A IE procura explicar como a inteligência, segundo a compreensão tradicional, se articula às condutas e mentes do ser humano e como seu conhecimento pode ajudar as pessoas a lidarem melhor com suas emoções para alcançar metas: trata-se, pois, do estudo das interações entre emoção e inteligência (WOYCIEKOSKI; HUTZ, 2009).
Para Mayer e Salovey (1997, p. 15 apud ARRUDA, 2018, p. 46), a inteligência emocional é definida como a “capacidade de perceber acuradamente, de avaliar e de expressar; a capacidade de perceber e/ou gerar sentimentos quando eles facilitam o pensamento; a capacidade de compreender a emoção e o conhecimento emocional; e a capacidade de controlar emoções para promover o crescimento emocional e intelectual”. Arruda (2018, p. 47) elenca as habilidades essenciais para se atingir a inteligência emocional, que inclui a capacidade de: a) “perceber, avaliar e expressar corretamente uma emoção”; b) “gerar ou ter acesso a sentimentos” que facilitem a “compreensão de si mesmo” ou do outro; c) “compreender as emoções e o conhecimento derivado delas”; e d) controlar (equilibrar) as “próprias emoções para promover o crescimento emocional e intelectual”.

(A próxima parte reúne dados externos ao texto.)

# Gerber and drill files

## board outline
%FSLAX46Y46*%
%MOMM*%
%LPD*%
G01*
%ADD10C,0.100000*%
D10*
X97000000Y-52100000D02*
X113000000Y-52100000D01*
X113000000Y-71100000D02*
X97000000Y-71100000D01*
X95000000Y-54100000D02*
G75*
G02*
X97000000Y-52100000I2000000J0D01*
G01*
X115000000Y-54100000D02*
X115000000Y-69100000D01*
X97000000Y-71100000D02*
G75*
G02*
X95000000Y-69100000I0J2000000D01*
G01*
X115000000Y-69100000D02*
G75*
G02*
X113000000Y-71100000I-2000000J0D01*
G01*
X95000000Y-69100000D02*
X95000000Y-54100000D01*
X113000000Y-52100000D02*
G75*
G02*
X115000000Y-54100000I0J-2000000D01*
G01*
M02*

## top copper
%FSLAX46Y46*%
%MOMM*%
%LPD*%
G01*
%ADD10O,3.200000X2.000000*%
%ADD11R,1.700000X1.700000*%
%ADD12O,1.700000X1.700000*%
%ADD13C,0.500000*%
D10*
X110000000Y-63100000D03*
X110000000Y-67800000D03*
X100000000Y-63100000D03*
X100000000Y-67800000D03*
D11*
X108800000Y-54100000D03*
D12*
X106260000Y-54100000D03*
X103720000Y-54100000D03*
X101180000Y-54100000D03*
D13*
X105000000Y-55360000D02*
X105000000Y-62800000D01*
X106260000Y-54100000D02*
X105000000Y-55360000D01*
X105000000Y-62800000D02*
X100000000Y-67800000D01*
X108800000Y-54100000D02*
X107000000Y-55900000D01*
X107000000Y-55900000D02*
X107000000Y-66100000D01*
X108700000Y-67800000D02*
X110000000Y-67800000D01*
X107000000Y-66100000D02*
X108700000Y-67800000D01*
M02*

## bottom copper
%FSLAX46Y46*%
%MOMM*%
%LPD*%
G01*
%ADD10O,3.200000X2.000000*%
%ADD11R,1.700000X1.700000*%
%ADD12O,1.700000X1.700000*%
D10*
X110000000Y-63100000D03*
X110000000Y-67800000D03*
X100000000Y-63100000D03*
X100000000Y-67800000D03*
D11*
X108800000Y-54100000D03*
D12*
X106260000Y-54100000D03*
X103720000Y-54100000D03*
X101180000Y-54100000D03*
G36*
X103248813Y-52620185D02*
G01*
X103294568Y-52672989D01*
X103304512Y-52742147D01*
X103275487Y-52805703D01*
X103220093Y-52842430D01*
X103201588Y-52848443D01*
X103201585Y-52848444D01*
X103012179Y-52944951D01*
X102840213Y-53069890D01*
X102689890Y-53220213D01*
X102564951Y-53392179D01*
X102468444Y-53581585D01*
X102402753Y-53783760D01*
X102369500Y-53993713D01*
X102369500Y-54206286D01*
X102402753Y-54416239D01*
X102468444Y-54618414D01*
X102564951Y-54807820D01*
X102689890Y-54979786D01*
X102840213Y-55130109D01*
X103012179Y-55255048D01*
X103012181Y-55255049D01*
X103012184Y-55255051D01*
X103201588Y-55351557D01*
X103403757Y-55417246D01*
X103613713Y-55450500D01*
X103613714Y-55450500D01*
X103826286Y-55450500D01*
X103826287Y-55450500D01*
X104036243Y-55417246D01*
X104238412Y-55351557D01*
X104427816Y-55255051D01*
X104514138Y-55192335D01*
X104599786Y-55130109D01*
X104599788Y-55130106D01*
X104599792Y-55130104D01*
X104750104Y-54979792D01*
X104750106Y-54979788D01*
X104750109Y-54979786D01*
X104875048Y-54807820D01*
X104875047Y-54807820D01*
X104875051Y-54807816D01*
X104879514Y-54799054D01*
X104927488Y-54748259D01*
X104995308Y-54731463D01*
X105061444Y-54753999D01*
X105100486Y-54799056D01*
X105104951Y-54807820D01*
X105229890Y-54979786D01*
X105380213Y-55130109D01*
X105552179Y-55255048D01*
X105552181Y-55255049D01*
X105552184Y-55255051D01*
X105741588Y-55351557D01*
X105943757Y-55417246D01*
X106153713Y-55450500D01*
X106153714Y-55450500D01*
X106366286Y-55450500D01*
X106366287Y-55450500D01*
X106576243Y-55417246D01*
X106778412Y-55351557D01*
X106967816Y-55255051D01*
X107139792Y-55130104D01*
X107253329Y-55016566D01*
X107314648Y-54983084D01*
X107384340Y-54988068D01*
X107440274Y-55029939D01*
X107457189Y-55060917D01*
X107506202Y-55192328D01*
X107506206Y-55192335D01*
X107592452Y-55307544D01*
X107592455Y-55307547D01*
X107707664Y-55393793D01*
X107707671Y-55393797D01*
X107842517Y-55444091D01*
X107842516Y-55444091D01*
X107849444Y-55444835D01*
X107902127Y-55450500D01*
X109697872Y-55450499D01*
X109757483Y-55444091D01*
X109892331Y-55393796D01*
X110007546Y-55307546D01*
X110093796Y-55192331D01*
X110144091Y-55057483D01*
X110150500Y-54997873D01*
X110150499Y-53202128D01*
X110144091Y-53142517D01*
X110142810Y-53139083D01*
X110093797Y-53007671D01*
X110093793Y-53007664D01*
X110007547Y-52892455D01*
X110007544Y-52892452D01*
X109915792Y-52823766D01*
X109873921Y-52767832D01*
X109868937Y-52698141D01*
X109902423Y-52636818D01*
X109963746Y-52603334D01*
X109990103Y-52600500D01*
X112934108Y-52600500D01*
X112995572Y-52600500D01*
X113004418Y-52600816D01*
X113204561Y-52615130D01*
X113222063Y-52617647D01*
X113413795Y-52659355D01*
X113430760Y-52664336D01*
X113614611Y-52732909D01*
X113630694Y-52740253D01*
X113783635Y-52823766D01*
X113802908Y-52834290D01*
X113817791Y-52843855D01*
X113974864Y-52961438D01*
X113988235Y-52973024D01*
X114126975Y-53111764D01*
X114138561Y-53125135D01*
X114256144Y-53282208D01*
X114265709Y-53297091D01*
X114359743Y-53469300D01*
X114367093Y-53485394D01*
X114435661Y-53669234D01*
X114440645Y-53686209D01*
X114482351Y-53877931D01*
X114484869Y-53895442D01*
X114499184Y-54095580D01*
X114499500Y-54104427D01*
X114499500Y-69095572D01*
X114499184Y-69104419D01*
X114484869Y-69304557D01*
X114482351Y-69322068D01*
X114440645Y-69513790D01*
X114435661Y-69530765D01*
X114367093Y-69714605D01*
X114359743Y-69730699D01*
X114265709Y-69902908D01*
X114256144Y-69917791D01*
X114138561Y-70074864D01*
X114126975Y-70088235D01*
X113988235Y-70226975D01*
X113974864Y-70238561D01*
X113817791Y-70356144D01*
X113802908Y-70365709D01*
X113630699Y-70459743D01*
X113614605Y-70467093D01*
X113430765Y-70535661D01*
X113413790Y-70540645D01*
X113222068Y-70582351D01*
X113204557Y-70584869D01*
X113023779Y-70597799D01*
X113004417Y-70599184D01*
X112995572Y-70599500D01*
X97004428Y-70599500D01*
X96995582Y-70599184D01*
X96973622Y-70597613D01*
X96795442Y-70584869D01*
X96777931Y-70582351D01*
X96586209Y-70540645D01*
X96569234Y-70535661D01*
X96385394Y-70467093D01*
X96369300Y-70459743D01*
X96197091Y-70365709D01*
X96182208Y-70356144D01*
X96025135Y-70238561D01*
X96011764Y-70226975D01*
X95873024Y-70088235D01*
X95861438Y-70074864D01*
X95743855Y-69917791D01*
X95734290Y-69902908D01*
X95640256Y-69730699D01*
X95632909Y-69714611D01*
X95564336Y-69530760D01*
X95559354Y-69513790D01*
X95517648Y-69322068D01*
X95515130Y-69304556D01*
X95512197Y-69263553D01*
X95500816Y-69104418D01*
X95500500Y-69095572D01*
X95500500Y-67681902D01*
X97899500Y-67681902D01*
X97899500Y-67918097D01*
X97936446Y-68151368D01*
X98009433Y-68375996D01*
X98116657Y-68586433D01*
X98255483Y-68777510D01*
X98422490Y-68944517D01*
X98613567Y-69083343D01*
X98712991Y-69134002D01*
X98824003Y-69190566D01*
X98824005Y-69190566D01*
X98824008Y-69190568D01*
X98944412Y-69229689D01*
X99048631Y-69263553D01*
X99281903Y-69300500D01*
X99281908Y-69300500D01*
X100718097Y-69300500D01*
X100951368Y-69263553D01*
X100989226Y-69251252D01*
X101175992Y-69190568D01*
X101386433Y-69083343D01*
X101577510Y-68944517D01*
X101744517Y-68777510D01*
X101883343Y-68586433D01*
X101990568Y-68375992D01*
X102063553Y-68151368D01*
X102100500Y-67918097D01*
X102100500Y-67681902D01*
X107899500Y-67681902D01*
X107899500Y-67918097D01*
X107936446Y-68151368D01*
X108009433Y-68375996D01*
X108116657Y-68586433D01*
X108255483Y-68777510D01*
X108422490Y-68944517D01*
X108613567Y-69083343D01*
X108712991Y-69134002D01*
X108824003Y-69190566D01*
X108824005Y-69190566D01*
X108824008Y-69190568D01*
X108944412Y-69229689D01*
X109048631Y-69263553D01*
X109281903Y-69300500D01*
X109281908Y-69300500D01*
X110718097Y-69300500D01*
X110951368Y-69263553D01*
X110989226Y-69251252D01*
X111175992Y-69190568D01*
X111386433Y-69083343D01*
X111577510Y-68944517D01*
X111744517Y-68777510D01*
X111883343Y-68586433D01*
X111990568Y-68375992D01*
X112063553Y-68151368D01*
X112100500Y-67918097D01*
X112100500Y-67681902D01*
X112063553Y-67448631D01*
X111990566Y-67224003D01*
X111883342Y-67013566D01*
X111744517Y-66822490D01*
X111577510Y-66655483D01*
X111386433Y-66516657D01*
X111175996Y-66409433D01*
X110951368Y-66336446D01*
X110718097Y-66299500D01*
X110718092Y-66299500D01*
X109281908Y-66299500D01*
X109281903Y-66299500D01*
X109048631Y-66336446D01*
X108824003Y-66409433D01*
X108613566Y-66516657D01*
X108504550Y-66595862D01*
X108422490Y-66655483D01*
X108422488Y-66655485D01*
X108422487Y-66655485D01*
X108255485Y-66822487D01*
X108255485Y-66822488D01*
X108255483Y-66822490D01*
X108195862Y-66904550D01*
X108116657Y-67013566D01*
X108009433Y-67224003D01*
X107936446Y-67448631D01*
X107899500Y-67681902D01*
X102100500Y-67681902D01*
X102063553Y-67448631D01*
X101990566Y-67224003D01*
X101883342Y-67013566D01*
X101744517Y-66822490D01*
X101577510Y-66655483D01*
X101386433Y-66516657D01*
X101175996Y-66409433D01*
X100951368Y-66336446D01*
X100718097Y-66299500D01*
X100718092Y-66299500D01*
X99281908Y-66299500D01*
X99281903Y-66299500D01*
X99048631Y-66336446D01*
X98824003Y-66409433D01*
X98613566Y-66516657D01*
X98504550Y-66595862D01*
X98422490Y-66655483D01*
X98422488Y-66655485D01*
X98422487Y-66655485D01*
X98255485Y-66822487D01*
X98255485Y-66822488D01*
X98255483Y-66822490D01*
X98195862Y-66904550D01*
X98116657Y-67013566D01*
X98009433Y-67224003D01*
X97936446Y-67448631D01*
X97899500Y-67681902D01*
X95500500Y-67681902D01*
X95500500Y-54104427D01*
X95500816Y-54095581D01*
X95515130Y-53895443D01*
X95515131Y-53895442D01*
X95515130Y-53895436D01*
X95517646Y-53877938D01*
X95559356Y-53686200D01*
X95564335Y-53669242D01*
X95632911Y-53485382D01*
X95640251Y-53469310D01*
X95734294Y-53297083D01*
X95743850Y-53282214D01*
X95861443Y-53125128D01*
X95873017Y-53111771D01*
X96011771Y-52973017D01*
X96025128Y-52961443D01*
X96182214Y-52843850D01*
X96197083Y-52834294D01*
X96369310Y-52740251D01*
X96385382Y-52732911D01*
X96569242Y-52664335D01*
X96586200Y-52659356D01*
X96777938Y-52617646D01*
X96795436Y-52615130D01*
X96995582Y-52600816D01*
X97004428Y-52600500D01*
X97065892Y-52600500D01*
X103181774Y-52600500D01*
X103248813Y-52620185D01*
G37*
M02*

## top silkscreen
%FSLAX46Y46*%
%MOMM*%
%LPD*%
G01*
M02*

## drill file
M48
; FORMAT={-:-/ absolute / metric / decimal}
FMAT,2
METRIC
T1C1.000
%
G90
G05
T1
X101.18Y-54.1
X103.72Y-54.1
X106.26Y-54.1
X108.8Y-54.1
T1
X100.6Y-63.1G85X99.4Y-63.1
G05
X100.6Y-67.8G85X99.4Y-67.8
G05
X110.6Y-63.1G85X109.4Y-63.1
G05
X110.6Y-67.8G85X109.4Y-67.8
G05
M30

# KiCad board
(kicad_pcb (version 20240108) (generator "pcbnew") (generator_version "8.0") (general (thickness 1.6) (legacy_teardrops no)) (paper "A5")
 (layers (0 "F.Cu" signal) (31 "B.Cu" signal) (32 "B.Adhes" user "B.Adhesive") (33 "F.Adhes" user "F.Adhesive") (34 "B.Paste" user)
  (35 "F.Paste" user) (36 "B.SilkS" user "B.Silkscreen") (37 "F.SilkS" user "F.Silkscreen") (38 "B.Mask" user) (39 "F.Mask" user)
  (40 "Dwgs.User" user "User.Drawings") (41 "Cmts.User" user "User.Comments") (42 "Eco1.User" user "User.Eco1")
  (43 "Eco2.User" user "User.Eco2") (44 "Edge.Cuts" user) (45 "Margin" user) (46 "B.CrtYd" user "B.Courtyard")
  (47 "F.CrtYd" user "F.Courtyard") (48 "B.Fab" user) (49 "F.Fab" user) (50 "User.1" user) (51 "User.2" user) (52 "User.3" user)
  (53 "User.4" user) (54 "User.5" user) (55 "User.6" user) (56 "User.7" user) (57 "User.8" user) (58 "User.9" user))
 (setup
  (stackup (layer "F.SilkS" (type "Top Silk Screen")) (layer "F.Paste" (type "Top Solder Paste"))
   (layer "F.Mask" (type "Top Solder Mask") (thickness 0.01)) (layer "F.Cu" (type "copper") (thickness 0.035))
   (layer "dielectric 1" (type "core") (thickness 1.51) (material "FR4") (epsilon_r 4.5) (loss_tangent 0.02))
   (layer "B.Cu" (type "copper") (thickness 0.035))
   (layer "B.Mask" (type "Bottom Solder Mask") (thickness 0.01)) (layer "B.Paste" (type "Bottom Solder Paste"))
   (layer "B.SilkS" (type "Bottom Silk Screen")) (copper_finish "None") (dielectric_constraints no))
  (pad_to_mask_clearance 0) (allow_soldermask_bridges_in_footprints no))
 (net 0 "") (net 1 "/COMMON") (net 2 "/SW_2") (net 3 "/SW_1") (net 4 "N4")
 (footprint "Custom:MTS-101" (layer "F.Cu") (at 110 63.1 180)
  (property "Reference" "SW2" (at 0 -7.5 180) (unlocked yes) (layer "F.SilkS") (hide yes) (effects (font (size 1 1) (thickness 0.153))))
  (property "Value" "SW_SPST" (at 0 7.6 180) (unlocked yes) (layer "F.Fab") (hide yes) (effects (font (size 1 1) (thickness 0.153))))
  (pad "1" thru_hole oval (at 0 0 180) (size 3.2 2) (drill oval 2.2 1) (layers "*.Cu" "*.Mask") (remove_unused_layers no) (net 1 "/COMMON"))
  (pad "2" thru_hole oval (at 0 -4.7 180) (size 3.2 2) (drill oval 2.2 1) (layers "*.Cu" "*.Mask") (remove_unused_layers no) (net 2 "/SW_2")))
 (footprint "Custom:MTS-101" (layer "F.Cu") (at 100 63.1 180)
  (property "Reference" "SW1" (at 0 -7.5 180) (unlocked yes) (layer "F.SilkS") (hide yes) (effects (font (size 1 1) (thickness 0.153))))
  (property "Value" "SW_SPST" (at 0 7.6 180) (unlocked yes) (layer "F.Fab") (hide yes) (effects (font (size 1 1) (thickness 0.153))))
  (pad "1" thru_hole oval (at 0 0 180) (size 3.2 2) (drill oval 2.2 1) (layers "*.Cu" "*.Mask") (remove_unused_layers no) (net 1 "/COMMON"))
  (pad "2" thru_hole oval (at 0 -4.7 180) (size 3.2 2) (drill oval 2.2 1) (layers "*.Cu" "*.Mask") (remove_unused_layers no) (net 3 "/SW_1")))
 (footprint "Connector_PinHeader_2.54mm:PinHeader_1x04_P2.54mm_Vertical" (layer "B.Cu") (at 108.8 54.1 90)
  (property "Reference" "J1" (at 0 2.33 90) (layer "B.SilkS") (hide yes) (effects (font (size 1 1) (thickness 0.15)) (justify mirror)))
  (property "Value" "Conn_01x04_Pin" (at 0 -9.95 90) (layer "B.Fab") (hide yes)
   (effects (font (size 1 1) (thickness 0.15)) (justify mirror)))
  (pad "1" thru_hole rect (at 0 0 90) (size 1.7 1.7) (drill 1) (layers "*.Cu" "*.Mask") (remove_unused_layers no) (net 2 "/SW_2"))
  (pad "2" thru_hole oval (at 0 -2.54 90) (size 1.7 1.7) (drill 1) (layers "*.Cu" "*.Mask") (remove_unused_layers no) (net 3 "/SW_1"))
  (pad "3" thru_hole oval (at 0 -5.08 90) (size 1.7 1.7) (drill 1) (layers "*.Cu" "*.Mask") (remove_unused_layers no) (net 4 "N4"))
  (pad "4" thru_hole oval (at 0 -7.62 90) (size 1.7 1.7) (drill 1) (layers "*.Cu" "*.Mask") (remove_unused_layers no) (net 1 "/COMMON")))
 (gr_line (start 97 52.1) (end 113 52.1) (stroke (width 0.1) (type default)) (layer "Edge.Cuts"))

A Inteligência Emocional ficaria conhecida como a “[…] habilidade para reconhecer o significado das emoções e suas inter-relações, assim como raciocinar e resolver problemas baseados nelas. A inteligência emocional está envolvida na capacidade de perceber emoções, assimilá-las com base nos sentimentos, avaliá-las e gerenciá-las” (MAYER; CARUSO; SALOVEY, 2000, p. 267). Vieira-Santos et al. (2018, p. 80) sintetizam as capacidades da IE: a) perceber as emoções (identificar emoção e conteúdo emocional em si, nos outros, em objetos e situações, e expressar adequadamente as emoções); b) usar as emoções para facilitar o pensamento e a tomada de decisão (gerar, identificar e refletir sobre emoções que auxiliem na resolução de um problema); c) conhecer as diversas emoções e saber usar esse conhecimento para melhorar a compreensão das emoções; d) regular ou gerenciar as emoções em si e nos outros, saber perceber, conhecer e utilizar as emoções.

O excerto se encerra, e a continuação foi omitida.